A nonlinear filter is a signal-processing device whose output is not a linear function of its input. Terminology concerning the filtering problem may refer to the time domain (state space) showing of the signal or to the frequency domain representation of the signal. When referring to filters with adjectives such as "bandpass, highpass, and lowpass" one has in mind the frequency domain. When resorting to terms like "additive noise", one has in mind the time domain, since the noise that is to be added to the signal is added in the state space representation of the signal. The state space representation is more general and is used for the advanced formulation of the filtering problem as a mathematical problem in probability and statistics of stochastic processes.

Contents

Frequency domain

In signal processing one often deals with obtaining an input signal and processing it into an output signal. At times the signal may be transmitted through a channel which corrupts it, resulting in a noisy output. As a consequence, the user at the output end has to attempt to reconstruct the original signal given the noisy one. When the noise is additive, i.e. it is added to the signal (rather than multiplied for example) and the statistics of the noise process are known to follow the gaussian statistical law, then a linear filter is known to be optimal under a number of possible criteria (for example the mean square error criterion, aiming at minimizing the variance of the error). This optimality is one of the main reasons why linear filters are so important in the history of signal processing.

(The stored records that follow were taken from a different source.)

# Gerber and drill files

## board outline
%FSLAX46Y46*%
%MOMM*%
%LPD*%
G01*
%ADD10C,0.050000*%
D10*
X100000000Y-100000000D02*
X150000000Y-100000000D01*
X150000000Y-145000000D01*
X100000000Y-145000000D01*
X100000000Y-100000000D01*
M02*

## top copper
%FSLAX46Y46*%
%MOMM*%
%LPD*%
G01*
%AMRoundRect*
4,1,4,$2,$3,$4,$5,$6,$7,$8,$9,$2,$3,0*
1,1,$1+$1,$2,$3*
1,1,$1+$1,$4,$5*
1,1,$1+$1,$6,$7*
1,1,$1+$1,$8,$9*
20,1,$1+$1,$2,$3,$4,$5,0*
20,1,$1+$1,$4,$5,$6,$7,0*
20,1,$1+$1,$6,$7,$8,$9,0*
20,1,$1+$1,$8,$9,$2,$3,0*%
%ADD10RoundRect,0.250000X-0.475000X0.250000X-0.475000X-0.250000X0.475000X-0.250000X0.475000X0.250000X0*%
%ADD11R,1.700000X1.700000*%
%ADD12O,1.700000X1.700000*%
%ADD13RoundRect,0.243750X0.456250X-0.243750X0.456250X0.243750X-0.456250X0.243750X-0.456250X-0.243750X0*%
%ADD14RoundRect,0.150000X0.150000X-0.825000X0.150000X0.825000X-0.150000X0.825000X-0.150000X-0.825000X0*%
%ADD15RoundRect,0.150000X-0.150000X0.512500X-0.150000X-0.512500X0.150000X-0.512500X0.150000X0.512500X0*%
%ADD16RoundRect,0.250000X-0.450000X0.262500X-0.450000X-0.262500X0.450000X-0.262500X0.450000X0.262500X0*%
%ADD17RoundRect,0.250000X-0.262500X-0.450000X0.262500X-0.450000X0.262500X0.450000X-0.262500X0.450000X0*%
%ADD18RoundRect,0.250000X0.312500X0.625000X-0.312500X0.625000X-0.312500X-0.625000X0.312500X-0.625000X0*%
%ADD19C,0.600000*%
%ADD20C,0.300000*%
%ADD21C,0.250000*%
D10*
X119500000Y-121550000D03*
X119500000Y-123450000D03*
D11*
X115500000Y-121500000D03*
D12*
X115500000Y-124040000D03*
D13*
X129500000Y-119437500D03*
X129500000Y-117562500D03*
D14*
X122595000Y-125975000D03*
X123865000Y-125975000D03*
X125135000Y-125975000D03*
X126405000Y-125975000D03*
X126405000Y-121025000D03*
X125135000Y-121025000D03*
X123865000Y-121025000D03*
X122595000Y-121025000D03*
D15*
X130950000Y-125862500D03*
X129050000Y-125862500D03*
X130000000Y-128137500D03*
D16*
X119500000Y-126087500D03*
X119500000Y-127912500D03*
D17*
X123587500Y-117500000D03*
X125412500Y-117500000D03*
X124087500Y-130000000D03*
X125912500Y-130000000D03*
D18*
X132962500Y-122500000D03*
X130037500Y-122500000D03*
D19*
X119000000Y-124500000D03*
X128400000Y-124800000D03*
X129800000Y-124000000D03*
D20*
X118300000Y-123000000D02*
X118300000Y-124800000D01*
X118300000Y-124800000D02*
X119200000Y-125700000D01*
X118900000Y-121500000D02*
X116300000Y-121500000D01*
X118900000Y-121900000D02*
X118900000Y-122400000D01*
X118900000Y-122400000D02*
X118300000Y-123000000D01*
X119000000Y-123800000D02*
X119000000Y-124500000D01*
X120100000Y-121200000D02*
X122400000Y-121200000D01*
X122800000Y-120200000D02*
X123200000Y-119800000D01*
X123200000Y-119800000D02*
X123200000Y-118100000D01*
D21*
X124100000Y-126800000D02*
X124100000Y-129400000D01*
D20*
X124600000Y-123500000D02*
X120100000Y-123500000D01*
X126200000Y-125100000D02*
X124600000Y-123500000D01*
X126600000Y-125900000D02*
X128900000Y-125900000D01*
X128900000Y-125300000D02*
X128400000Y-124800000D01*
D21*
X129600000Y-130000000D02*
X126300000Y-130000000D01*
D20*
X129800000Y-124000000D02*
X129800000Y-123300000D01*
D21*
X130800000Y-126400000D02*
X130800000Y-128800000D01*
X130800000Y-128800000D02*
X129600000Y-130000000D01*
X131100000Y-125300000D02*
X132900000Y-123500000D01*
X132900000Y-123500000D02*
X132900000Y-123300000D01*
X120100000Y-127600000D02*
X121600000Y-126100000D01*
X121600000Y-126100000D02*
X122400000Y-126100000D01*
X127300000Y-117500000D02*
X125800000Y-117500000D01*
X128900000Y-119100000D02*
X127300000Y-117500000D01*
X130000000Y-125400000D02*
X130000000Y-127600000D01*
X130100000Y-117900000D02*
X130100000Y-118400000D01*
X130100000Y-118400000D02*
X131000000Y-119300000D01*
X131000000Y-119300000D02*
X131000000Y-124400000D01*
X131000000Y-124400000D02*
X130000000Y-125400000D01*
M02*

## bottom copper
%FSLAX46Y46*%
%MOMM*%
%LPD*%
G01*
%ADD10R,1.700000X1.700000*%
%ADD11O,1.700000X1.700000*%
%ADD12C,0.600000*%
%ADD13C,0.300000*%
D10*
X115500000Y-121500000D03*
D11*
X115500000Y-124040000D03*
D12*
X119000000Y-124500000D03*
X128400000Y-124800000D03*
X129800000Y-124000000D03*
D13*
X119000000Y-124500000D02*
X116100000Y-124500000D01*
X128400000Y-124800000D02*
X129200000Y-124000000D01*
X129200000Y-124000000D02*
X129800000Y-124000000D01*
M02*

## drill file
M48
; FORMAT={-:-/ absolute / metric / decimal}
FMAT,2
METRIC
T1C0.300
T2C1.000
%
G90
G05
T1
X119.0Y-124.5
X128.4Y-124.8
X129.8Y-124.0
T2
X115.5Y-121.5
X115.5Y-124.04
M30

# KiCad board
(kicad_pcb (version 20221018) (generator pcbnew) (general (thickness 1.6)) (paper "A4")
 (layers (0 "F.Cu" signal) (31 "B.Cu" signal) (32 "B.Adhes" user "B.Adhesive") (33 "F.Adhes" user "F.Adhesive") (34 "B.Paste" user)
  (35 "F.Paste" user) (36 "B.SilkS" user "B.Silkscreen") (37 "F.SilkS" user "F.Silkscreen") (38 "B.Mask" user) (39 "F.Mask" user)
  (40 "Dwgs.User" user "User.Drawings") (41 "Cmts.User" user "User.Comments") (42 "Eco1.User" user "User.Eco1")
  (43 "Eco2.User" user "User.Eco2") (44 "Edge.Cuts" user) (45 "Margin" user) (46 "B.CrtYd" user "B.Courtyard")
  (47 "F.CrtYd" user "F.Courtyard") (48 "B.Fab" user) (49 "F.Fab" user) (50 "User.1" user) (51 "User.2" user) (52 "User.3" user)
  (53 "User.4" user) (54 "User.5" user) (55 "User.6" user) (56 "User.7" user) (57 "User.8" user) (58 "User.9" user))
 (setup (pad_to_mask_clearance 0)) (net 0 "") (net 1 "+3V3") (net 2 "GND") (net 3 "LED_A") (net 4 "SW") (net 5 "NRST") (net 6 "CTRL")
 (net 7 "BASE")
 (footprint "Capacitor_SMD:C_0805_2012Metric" (layer "F.Cu") (at 119.5 122.5 -90)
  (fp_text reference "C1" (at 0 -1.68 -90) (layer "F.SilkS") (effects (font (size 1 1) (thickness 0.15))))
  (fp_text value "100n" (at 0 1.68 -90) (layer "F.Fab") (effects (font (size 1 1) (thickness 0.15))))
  (pad "1" smd roundrect (at -0.95 0 270) (size 1 1.45) (layers "F.Cu" "F.Paste" "F.Mask") (roundrect_rratio 0.25) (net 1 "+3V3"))
  (pad "2" smd roundrect (at 0.95 0 270) (size 1 1.45) (layers "F.Cu" "F.Paste" "F.Mask") (roundrect_rratio 0.25) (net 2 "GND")))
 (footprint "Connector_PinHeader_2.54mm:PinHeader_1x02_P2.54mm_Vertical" (layer "F.Cu") (at 115.5 121.5)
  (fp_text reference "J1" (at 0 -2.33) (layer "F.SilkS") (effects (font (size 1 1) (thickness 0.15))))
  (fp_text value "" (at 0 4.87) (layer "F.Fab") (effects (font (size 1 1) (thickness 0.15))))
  (pad "1" thru_hole rect (at 0 0) (size 1.7 1.7) (drill 1) (layers "*.Cu" "*.Mask") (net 1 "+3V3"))
  (pad "2" thru_hole oval (at 0 2.54) (size 1.7 1.7) (drill 1) (layers "*.Cu" "*.Mask") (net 2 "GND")))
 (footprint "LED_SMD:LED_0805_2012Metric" (layer "F.Cu") (at 129.5 118.5 90)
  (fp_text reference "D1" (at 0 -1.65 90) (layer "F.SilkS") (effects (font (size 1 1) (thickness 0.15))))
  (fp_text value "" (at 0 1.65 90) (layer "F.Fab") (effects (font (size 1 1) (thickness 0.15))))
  (pad "1" smd roundrect (at -0.9375 0 90) (size 0.975 1.4) (layers "F.Cu" "F.Paste" "F.Mask") (roundrect_rratio 0.25) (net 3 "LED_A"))
  (pad "2" smd roundrect (at 0.9375 0 90) (size 0.975 1.4) (layers "F.Cu" "F.Paste" "F.Mask") (roundrect_rratio 0.25) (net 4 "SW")))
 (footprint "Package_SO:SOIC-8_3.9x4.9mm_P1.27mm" (layer "F.Cu") (at 124.5 123.5 90)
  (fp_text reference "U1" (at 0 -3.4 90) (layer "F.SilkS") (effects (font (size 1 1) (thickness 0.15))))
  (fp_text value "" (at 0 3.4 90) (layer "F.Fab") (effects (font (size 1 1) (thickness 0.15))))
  (pad "1" smd roundrect (at -2.475 -1.905 90) (size 1.95 0.6) (layers "F.Cu" "F.Paste" "F.Mask") (roundrect_rratio 0.25) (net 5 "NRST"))
  (pad "2" smd roundrect (at -2.475 -0.635 90) (size 1.95 0.6) (layers "F.Cu" "F.Paste" "F.Mask") (roundrect_rratio 0.25) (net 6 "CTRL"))
  (pad "3" smd roundrect (at -2.475 0.635 90) (size 1.95 0.6) (layers "F.Cu" "F.Paste" "F.Mask") (roundrect_rratio 0.25))
  (pad "4" smd roundrect (at -2.475 1.905 90) (size 1.95 0.6) (layers "F.Cu" "F.Paste" "F.Mask") (roundrect_rratio 0.25) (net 2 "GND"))
  (pad "5" smd roundrect (at 2.475 1.905 90) (size 1.95 0.6) (layers "F.Cu" "F.Paste" "F.Mask") (roundrect_rratio 0.25))
  (pad "6" smd roundrect (at 2.475 0.635 90) (size 1.95 0.6) (layers "F.Cu" "F.Paste" "F.Mask") (roundrect_rratio 0.25))
  (pad "7" smd roundrect (at 2.475 -0.635 90) (size 1.95 0.6) (layers "F.Cu" "F.Paste" "F.Mask") (roundrect_rratio 0.25))
  (pad "8" smd roundrect (at 2.475 -1.905 90) (size 1.95 0.6) (layers "F.Cu" "F.Paste" "F.Mask") (roundrect_rratio 0.25) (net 1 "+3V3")))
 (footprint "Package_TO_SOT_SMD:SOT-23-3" (layer "F.Cu") (at 130 127 -90)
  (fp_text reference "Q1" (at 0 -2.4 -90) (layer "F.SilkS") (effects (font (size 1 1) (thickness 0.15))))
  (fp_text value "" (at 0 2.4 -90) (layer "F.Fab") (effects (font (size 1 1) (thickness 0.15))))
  (pad "1" smd roundrect (at -1.1375 -0.95 270) (size 1.325 0.6) (layers "F.Cu" "F.Paste" "F.Mask") (roundrect_rratio 0.25) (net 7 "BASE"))
  (pad "2" smd roundrect (at -1.1375 0.95 270) (size 1.325 0.6) (layers "F.Cu" "F.Paste" "F.Mask") (roundrect_rratio 0.25) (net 2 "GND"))
  (pad "3" smd roundrect (at 1.1375 0 270) (size 1.325 0.6) (layers "F.Cu" "F.Paste" "F.Mask") (roundrect_rratio 0.25) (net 4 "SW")))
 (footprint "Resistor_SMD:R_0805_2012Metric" (layer "F.Cu") (at 119.5 127 -90)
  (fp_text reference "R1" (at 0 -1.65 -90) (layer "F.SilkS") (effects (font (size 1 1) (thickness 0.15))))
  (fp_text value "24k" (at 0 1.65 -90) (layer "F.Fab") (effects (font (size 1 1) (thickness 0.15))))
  (pad "1" smd roundrect (at -0.9125 0 270) (size 1.025 1.4) (layers "F.Cu" "F.Paste" "F.Mask") (roundrect_rratio 0.243902) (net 1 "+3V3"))
  (pad "2" smd roundrect (at 0.9125 0 270) (size 1.025 1.4) (layers "F.Cu" "F.Paste" "F.Mask") (roundrect_rratio 0.243902) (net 5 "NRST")))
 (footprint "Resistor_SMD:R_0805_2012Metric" (layer "F.Cu") (at 124.5 117.5)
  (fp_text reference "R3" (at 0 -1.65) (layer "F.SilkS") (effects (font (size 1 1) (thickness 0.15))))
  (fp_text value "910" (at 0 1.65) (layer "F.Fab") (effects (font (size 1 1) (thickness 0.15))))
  (pad "1" smd roundrect (at -0.9125 0) (size 1.025 1.4) (layers "F.Cu" "F.Paste" "F.Mask") (roundrect_rratio 0.243902) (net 1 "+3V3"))
  (pad "2" smd roundrect (at 0.9125 0) (size 1.025 1.4) (layers "F.Cu" "F.Paste" "F.Mask") (roundrect_rratio 0.243902) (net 3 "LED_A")))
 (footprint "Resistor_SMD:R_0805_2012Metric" (layer "F.Cu") (at 125 130)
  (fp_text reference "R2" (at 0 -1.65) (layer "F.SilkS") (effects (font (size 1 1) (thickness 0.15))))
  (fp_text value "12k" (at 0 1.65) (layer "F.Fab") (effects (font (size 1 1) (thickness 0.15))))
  (pad "1" smd roundrect (at -0.9125 0) (size 1.025 1.4) (layers "F.Cu" "F.Paste" "F.Mask") (roundrect_rratio 0.243902) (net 6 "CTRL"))
  (pad "2" smd roundrect (at 0.9125 0) (size 1.025 1.4) (layers "F.Cu" "F.Paste" "F.Mask") (roundrect_rratio 0.243902) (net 7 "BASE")))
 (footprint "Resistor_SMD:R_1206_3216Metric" (layer "F.Cu") (at 131.5 122.5 180)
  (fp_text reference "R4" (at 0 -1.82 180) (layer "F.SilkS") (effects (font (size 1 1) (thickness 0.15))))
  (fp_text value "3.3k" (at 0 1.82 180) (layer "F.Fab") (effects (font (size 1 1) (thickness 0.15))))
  (pad "1" smd roundrect (at -1.4625 0 180) (size 1.125 1.75) (layers "F.Cu" "F.Paste" "F.Mask") (roundrect_rratio 0.222222) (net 7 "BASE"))
  (pad "2" smd roundrect (at 1.4625 0 180) (size 1.125 1.75) (layers "F.Cu" "F.Paste" "F.Mask") (roundrect_rratio 0.222222) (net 2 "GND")))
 (gr_rect (start 100 100) (end 150 145) (stroke (width 0.05) (type default)) (fill none) (layer "Edge.Cuts"))
 (segment (start 118.3 123) (end 118.3 124.8) (width 0.3) (layer "F.Cu") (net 1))
 (segment (start 118.3 124.8) (end 119.2 125.7) (width 0.3) (layer "F.Cu") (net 1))
 (segment (start 118.9 121.5) (end 116.3 121.5) (width 0.3) (layer "F.Cu") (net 1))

However, in several cases one cannot find an acceptable linear filter, either because the noise is non-additive or non-gaussian. For example, linear filters can remove additive high frequency noise if the signal and the noise do not overlap in the frequency domain. Still, in two-dimensional signal processing the signal may have important and structured high frequency components, like edges and small details in image processing. In this case a linear lowpass filter would blur sharp edges and yield bad results. Nonlinear filters should be used instead.

Nonlinear filters locate and remove data that is recognised as noise. The algorithm is 'nonlinear' because it looks at each data point and decides if that data is noise or valid signal. If the point is noise, it is simply removed and replaced by an estimate based on surrounding data points, and parts of the data that are not considered noise are not modified at all. Linear filters, such as those used in bandpass, highpass, and lowpass, lack such a decision capability and therefore modify all data. Nonlinear filters are sometimes used also for removing very short wavelength, but high amplitude features from data. Such a filter can be thought of as a noise spike-rejection filter, but it can also be effective for removing short wavelength geological features, such as signals from surficial features.

Examples of nonlinear filters include:

When moving to the time domain description of a system, in state space form, there is the possibility of describing more effectively the dynamics of a system, considering also the case where the time-evolution of the system is described by non-linear differential (or difference in discrete time) equations, or the case where the observations are a known nonlinear function of the signal then perturbed by additive noise. These are possible further sources of non-linearity, besides non-additive or non-gaussian noise, for which in most cases we have to move into the state space description of a system and abandon the frequency domain formulation.

Time domain: nonlinear filter (estimation theory)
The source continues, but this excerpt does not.